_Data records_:
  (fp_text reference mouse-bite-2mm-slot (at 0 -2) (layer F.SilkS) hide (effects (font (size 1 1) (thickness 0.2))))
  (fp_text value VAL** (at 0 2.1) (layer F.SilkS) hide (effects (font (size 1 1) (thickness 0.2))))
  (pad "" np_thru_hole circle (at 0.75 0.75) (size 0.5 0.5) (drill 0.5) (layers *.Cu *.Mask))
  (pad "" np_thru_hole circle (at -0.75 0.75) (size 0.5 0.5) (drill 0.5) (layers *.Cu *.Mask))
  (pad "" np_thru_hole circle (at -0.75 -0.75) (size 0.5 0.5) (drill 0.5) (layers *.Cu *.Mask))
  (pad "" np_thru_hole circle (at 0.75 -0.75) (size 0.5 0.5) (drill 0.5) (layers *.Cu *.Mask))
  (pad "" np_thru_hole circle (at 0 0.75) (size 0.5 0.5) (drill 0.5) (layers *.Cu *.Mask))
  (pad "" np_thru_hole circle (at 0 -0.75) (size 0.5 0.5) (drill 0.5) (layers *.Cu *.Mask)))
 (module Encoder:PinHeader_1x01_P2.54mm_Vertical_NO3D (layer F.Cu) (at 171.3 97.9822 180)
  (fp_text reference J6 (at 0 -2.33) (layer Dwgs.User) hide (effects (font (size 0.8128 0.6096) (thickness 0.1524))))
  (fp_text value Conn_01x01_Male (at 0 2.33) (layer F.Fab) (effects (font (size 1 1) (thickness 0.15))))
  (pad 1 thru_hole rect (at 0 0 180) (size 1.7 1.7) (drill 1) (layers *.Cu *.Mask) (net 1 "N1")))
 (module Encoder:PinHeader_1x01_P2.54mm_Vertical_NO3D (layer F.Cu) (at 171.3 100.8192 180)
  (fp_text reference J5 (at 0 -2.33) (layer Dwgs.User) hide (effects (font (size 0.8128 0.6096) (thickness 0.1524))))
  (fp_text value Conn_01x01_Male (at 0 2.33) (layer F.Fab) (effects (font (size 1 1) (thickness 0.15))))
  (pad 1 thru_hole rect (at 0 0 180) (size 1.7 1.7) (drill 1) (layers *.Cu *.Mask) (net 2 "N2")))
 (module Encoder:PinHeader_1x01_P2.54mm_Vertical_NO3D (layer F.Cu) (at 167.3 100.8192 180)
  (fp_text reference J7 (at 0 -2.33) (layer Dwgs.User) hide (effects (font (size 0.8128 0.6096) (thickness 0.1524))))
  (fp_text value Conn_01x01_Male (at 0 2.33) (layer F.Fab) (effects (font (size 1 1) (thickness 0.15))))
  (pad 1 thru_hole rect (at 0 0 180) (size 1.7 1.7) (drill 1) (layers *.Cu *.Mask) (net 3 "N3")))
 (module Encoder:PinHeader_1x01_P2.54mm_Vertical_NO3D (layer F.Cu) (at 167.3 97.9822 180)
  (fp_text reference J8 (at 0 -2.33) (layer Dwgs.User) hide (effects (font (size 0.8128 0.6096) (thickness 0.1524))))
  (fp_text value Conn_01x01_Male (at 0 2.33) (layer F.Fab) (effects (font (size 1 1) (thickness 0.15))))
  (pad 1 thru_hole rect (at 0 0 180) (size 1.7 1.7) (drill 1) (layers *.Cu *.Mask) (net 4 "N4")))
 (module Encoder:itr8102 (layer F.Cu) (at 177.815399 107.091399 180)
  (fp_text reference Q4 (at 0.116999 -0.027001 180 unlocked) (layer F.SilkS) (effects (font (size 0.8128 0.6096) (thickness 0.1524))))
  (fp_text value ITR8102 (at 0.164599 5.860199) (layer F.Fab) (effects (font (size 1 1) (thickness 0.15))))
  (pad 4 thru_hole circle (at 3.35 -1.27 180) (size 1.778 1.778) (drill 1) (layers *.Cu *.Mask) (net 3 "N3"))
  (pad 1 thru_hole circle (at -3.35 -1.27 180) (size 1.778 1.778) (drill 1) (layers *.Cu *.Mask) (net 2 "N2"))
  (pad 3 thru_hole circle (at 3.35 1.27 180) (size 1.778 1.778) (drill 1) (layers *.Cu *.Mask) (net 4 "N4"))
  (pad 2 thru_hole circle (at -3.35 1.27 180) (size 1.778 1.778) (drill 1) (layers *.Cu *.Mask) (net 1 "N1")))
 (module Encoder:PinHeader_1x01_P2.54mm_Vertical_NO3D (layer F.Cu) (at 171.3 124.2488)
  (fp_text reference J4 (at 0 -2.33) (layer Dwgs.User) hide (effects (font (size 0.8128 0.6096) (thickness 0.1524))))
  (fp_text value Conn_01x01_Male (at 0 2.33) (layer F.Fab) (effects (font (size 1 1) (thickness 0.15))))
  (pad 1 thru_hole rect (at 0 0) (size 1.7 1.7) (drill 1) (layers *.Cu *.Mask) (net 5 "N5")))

_Task description_: Write out the records in full, word for word.

_Answer area_:
  (fp_text reference mouse-bite-2mm-slot (at 0 -2) (layer F.SilkS) hide (effects (font (size 1 1) (thickness 0.2))))
  (fp_text value VAL** (at 0 2.1) (layer F.SilkS) hide (effects (font (size 1 1) (thickness 0.2))))
  (pad "" np_thru_hole circle (at 0.75 0.75) (size 0.5 0.5) (drill 0.5) (layers *.Cu *.Mask))
  (pad "" np_thru_hole circle (at -0.75 0.75) (size 0.5 0.5) (drill 0.5) (layers *.Cu *.Mask))
  (pad "" np_thru_hole circle (at -0.75 -0.75) (size 0.5 0.5) (drill 0.5) (layers *.Cu *.Mask))
  (pad "" np_thru_hole circle (at 0.75 -0.75) (size 0.5 0.5) (drill 0.5) (layers *.Cu *.Mask))
  (pad "" np_thru_hole circle (at 0 0.75) (size 0.5 0.5) (drill 0.5) (layers *.Cu *.Mask))
  (pad "" np_thru_hole circle (at 0 -0.75) (size 0.5 0.5) (drill 0.5) (layers *.Cu *.Mask)))
 (module Encoder:PinHeader_1x01_P2.54mm_Vertical_NO3D (layer F.Cu) (at 171.3 97.9822 180)
  (fp_text reference J6 (at 0 -2.33) (layer Dwgs.User) hide (effects (font (size 0.8128 0.6096) (thickness 0.1524))))
  (fp_text value Conn_01x01_Male (at 0 2.33) (layer F.Fab) (effects (font (size 1 1) (thickness 0.15))))
  (pad 1 thru_hole rect (at 0 0 180) (size 1.7 1.7) (drill 1) (layers *.Cu *.Mask) (net 1 "N1")))
 (module Encoder:PinHeader_1x01_P2.54mm_Vertical_NO3D (layer F.Cu) (at 171.3 100.8192 180)
  (fp_text reference J5 (at 0 -2.33) (layer Dwgs.User) hide (effects (font (size 0.8128 0.6096) (thickness 0.1524))))
  (fp_text value Conn_01x01_Male (at 0 2.33) (layer F.Fab) (effects (font (size 1 1) (thickness 0.15))))
  (pad 1 thru_hole rect (at 0 0 180) (size 1.7 1.7) (drill 1) (layers *.Cu *.Mask) (net 2 "N2")))
 (module Encoder:PinHeader_1x01_P2.54mm_Vertical_NO3D (layer F.Cu) (at 167.3 100.8192 180)
  (fp_text reference J7 (at 0 -2.33) (layer Dwgs.User) hide (effects (font (size 0.8128 0.6096) (thickness 0.1524))))
  (fp_text value Conn_01x01_Male (at 0 2.33) (layer F.Fab) (effects (font (size 1 1) (thickness 0.15))))
  (pad 1 thru_hole rect (at 0 0 180) (size 1.7 1.7) (drill 1) (layers *.Cu *.Mask) (net 3 "N3")))
 (module Encoder:PinHeader_1x01_P2.54mm_Vertical_NO3D (layer F.Cu) (at 167.3 97.9822 180)
  (fp_text reference J8 (at 0 -2.33) (layer Dwgs.User) hide (effects (font (size 0.8128 0.6096) (thickness 0.1524))))
  (fp_text value Conn_01x01_Male (at 0 2.33) (layer F.Fab) (effects (font (size 1 1) (thickness 0.15))))
  (pad 1 thru_hole rect (at 0 0 180) (size 1.7 1.7) (drill 1) (layers *.Cu *.Mask) (net 4 "N4")))
 (module Encoder:itr8102 (layer F.Cu) (at 177.815399 107.091399 180)
  (fp_text reference Q4 (at 0.116999 -0.027001 180 unlocked) (layer F.SilkS) (effects (font (size 0.8128 0.6096) (thickness 0.1524))))
  (fp_text value ITR8102 (at 0.164599 5.860199) (layer F.Fab) (effects (font (size 1 1) (thickness 0.15))))
  (pad 4 thru_hole circle (at 3.35 -1.27 180) (size 1.778 1.778) (drill 1) (layers *.Cu *.Mask) (net 3 "N3"))
  (pad 1 thru_hole circle (at -3.35 -1.27 180) (size 1.778 1.778) (drill 1) (layers *.Cu *.Mask) (net 2 "N2"))
  (pad 3 thru_hole circle (at 3.35 1.27 180) (size 1.778 1.778) (drill 1) (layers *.Cu *.Mask) (net 4 "N4"))
  (pad 2 thru_hole circle (at -3.35 1.27 180) (size 1.778 1.778) (drill 1) (layers *.Cu *.Mask) (net 1 "N1")))
 (module Encoder:PinHeader_1x01_P2.54mm_Vertical_NO3D (layer F.Cu) (at 171.3 124.2488)
  (fp_text reference J4 (at 0 -2.33) (layer Dwgs.User) hide (effects (font (size 0.8128 0.6096) (thickness 0.1524))))
  (fp_text value Conn_01x01_Male (at 0 2.33) (layer F.Fab) (effects (font (size 1 1) (thickness 0.15))))
  (pad 1 thru_hole rect (at 0 0) (size 1.7 1.7) (drill 1) (layers *.Cu *.Mask) (net 5 "N5")))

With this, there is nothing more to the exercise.